■ AVAILABLE RECORDS ■
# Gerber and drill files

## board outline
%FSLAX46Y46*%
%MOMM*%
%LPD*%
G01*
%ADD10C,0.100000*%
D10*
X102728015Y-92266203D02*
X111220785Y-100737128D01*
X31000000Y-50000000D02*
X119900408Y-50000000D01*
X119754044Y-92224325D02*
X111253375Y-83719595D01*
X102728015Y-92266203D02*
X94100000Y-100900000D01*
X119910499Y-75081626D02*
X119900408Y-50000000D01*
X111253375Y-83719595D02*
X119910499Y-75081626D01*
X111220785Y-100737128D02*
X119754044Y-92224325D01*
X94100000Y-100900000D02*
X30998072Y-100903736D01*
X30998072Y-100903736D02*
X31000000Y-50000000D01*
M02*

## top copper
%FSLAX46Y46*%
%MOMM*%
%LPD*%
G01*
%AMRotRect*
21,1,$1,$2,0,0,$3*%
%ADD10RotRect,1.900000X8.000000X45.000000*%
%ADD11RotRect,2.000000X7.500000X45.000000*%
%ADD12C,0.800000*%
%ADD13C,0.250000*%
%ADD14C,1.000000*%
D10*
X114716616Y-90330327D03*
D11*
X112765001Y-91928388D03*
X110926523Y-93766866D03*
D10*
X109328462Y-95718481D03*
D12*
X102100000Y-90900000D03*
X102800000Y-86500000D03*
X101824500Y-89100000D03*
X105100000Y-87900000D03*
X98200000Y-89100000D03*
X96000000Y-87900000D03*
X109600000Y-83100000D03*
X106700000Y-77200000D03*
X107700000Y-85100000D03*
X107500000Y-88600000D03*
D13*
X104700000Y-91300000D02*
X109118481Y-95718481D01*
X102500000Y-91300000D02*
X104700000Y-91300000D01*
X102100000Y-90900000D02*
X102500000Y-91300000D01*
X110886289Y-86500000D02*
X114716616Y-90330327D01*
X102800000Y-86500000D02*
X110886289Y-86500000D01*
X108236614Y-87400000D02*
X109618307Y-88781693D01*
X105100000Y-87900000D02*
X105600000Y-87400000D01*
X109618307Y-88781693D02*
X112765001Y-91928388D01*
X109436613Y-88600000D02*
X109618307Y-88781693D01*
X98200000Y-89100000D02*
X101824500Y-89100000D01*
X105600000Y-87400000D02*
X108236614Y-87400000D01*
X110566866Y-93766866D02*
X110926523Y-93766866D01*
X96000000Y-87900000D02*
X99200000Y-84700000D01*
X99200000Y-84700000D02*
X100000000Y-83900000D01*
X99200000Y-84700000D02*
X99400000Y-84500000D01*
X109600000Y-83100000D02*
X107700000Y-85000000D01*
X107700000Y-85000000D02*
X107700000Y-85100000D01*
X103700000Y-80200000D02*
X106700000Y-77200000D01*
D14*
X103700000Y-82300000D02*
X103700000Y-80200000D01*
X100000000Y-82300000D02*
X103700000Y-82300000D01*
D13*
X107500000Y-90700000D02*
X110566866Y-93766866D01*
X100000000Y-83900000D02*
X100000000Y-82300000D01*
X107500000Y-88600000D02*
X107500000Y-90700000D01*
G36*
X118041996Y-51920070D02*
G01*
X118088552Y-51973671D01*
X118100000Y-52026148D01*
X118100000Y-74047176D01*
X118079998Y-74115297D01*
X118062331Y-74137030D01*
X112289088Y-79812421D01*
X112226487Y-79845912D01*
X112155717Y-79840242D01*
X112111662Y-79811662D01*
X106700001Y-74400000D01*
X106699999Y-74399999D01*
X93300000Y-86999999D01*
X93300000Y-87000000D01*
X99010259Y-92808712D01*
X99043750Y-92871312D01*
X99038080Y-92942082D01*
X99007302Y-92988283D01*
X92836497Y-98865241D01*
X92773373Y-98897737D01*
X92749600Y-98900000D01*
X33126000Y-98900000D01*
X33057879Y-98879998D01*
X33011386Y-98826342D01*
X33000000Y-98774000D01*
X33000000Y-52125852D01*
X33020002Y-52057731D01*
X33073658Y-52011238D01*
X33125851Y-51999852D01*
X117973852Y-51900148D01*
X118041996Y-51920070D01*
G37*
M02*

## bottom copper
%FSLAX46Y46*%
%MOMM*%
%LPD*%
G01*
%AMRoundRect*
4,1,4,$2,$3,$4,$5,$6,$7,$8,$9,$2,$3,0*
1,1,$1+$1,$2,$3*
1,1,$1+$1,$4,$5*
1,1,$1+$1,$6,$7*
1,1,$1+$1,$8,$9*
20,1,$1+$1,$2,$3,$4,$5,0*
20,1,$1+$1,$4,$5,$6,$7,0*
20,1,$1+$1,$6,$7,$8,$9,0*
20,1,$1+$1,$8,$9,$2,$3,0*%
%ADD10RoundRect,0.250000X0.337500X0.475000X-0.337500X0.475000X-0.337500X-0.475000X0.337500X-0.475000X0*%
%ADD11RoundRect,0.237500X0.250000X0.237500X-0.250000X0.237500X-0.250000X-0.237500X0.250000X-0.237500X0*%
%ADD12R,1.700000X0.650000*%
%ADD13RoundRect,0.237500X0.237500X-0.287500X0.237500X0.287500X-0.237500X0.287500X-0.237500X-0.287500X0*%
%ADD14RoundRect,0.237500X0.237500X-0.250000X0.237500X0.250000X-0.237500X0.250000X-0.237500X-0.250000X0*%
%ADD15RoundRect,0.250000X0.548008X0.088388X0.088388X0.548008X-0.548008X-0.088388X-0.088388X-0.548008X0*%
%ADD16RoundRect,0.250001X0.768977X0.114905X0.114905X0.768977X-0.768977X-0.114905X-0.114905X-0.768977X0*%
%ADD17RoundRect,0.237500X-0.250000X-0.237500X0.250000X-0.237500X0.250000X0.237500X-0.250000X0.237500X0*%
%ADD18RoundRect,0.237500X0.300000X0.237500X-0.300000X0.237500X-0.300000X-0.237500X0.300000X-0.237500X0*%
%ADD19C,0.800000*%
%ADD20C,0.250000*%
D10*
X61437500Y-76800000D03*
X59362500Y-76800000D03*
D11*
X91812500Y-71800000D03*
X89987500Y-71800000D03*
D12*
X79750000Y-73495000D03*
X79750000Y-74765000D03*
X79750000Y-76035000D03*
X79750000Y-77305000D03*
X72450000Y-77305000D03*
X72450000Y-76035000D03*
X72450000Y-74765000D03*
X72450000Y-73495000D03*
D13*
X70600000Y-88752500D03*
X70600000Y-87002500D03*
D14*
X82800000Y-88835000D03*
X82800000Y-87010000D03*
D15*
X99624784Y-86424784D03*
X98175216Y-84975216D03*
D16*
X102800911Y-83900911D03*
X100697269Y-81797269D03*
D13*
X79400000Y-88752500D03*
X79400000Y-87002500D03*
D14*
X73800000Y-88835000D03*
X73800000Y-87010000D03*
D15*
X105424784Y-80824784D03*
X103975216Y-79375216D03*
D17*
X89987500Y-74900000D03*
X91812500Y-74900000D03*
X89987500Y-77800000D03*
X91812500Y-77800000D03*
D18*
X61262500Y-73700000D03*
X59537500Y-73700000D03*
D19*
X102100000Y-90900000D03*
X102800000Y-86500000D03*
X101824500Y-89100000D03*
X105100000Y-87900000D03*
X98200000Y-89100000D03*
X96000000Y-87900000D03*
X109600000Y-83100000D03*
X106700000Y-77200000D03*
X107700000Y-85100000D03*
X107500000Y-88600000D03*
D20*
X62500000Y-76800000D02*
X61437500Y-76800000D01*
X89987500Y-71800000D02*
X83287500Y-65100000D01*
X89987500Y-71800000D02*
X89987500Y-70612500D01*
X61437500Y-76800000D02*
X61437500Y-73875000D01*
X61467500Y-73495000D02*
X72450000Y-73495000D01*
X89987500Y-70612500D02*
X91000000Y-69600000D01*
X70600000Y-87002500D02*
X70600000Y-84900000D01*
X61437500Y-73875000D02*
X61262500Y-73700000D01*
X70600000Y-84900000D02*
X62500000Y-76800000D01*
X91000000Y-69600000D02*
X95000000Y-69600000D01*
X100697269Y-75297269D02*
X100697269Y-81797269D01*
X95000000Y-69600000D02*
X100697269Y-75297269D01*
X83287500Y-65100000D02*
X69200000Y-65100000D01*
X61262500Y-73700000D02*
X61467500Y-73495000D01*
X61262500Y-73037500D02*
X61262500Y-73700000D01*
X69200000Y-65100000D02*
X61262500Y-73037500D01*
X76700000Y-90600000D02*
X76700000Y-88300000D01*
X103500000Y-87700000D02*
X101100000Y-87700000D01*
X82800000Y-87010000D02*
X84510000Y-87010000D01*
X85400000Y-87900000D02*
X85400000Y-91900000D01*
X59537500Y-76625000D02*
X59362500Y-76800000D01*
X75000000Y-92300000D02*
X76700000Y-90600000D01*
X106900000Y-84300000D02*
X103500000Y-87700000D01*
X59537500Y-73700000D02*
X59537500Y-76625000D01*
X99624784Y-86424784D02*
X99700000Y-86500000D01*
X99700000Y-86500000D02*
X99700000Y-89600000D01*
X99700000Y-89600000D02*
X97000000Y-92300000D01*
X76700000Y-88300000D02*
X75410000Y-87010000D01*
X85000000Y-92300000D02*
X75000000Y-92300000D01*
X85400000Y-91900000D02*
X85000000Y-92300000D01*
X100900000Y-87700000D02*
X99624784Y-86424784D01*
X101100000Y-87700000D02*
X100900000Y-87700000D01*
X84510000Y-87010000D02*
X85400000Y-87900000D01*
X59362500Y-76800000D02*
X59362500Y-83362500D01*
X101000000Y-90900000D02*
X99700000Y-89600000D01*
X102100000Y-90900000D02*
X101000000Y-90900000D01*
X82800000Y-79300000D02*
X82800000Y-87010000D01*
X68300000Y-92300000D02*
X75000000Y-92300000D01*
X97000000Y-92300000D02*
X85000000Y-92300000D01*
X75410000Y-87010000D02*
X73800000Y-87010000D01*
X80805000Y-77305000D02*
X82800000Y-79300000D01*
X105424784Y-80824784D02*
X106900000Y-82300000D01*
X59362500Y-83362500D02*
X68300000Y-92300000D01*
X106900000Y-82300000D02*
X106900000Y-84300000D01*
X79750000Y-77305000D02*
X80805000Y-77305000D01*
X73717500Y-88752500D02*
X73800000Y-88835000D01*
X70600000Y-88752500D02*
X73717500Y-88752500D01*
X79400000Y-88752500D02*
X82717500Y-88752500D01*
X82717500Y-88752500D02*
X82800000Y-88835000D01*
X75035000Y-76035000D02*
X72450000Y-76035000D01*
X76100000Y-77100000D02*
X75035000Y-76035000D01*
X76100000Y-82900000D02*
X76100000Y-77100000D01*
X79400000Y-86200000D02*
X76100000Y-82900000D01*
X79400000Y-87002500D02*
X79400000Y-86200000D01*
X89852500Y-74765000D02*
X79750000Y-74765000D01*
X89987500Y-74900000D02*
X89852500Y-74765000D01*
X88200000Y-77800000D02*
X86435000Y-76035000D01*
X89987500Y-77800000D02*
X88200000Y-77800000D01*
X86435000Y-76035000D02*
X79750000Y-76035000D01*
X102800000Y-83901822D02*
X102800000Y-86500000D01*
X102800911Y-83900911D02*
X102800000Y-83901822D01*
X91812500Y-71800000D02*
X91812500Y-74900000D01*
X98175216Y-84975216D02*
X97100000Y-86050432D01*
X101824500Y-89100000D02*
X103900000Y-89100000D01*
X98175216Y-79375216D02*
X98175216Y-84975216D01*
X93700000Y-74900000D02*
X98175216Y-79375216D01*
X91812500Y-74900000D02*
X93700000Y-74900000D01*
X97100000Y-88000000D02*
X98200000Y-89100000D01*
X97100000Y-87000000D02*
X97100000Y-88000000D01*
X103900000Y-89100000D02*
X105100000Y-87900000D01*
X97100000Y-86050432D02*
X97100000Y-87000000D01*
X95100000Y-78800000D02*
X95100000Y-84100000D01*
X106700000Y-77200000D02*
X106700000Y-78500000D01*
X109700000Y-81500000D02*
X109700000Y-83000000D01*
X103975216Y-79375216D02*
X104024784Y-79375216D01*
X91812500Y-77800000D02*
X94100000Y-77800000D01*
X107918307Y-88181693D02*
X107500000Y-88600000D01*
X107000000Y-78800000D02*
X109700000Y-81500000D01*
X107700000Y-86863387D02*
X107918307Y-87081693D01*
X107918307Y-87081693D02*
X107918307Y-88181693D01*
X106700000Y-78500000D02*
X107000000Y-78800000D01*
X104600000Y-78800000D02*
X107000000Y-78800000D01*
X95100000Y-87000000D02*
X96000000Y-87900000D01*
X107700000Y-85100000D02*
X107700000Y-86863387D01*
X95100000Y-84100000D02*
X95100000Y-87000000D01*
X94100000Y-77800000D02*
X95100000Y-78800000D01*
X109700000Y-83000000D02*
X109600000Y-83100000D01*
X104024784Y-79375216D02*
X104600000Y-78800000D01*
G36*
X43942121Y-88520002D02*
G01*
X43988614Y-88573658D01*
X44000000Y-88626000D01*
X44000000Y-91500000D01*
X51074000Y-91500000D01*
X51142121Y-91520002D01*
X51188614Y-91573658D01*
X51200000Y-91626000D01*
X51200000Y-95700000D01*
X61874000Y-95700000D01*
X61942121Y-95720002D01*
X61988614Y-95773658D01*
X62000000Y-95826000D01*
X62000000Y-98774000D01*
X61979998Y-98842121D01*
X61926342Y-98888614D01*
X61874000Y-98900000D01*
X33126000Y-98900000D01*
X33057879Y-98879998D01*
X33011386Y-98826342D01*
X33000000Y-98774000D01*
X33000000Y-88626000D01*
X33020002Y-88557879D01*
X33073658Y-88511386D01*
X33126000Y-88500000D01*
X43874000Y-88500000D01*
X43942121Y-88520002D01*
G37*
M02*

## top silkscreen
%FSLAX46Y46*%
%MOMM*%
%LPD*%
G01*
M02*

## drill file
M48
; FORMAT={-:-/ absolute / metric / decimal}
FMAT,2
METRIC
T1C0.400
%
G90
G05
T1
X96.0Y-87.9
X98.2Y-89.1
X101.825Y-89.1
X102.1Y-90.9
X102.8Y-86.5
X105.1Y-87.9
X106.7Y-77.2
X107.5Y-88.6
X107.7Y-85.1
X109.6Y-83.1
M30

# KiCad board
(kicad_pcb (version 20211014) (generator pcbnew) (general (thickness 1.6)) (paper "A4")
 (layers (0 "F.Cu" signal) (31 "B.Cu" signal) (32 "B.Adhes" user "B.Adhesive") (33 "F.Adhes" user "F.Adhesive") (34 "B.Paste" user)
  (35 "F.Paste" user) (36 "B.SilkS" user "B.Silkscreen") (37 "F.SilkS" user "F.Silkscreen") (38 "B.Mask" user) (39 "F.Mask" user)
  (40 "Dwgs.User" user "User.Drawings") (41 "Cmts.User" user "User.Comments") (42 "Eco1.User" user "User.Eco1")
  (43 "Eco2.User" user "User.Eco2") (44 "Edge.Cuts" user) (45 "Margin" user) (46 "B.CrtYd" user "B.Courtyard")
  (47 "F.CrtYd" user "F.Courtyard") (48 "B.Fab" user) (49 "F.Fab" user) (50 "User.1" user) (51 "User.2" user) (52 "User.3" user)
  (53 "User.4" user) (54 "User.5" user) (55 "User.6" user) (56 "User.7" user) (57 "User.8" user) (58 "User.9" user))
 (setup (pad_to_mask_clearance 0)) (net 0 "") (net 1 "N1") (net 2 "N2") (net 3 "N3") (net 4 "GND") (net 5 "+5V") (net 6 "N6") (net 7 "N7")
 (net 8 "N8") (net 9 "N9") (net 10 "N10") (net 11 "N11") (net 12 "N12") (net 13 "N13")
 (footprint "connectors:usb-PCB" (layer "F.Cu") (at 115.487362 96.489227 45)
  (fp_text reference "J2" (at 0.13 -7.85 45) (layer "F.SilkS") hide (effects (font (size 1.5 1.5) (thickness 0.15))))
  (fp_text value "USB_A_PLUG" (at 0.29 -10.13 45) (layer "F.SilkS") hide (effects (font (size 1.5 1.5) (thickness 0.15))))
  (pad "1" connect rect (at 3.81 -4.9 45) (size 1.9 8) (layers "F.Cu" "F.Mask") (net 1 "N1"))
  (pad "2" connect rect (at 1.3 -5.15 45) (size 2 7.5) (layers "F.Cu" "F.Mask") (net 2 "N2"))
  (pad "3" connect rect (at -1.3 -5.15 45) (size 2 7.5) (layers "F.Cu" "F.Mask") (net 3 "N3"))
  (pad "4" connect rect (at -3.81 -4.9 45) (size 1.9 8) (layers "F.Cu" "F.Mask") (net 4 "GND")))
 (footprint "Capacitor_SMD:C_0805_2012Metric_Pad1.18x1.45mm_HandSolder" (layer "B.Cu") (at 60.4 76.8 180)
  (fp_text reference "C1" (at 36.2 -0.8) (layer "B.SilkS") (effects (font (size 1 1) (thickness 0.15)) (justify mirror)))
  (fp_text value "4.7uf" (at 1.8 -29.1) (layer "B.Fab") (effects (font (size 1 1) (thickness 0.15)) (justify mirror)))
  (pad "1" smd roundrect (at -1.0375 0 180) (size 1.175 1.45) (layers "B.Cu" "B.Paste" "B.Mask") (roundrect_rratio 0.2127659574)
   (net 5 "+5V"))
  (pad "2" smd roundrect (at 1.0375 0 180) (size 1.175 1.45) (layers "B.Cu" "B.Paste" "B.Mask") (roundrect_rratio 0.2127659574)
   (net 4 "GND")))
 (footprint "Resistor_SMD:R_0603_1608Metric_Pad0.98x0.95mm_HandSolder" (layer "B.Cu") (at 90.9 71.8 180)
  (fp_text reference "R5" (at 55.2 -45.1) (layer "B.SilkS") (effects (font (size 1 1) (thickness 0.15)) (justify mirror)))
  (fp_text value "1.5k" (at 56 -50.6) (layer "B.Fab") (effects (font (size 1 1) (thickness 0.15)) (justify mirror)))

■ EXERCISE ■
Only the lines from the one containing "X79750000Y-76035000D03*" through the one containing "X61437500Y-76800000D01*" are to be retyped, both boundary lines included, with no other material.

■ RESULT OF THIS TASK ■
X79750000Y-76035000D03*
X79750000Y-77305000D03*
X72450000Y-77305000D03*
X72450000Y-76035000D03*
X72450000Y-74765000D03*
X72450000Y-73495000D03*
D13*
X70600000Y-88752500D03*
X70600000Y-87002500D03*
D14*
X82800000Y-88835000D03*
X82800000Y-87010000D03*
D15*
X99624784Y-86424784D03*
X98175216Y-84975216D03*
D16*
X102800911Y-83900911D03*
X100697269Y-81797269D03*
D13*
X79400000Y-88752500D03*
X79400000Y-87002500D03*
D14*
X73800000Y-88835000D03*
X73800000Y-87010000D03*
D15*
X105424784Y-80824784D03*
X103975216Y-79375216D03*
D17*
X89987500Y-74900000D03*
X91812500Y-74900000D03*
X89987500Y-77800000D03*
X91812500Y-77800000D03*
D18*
X61262500Y-73700000D03*
X59537500Y-73700000D03*
D19*
X102100000Y-90900000D03*
X102800000Y-86500000D03*
X101824500Y-89100000D03*
X105100000Y-87900000D03*
X98200000Y-89100000D03*
X96000000Y-87900000D03*
X109600000Y-83100000D03*
X106700000Y-77200000D03*
X107700000Y-85100000D03*
X107500000Y-88600000D03*
D20*
X62500000Y-76800000D02*
X61437500Y-76800000D01*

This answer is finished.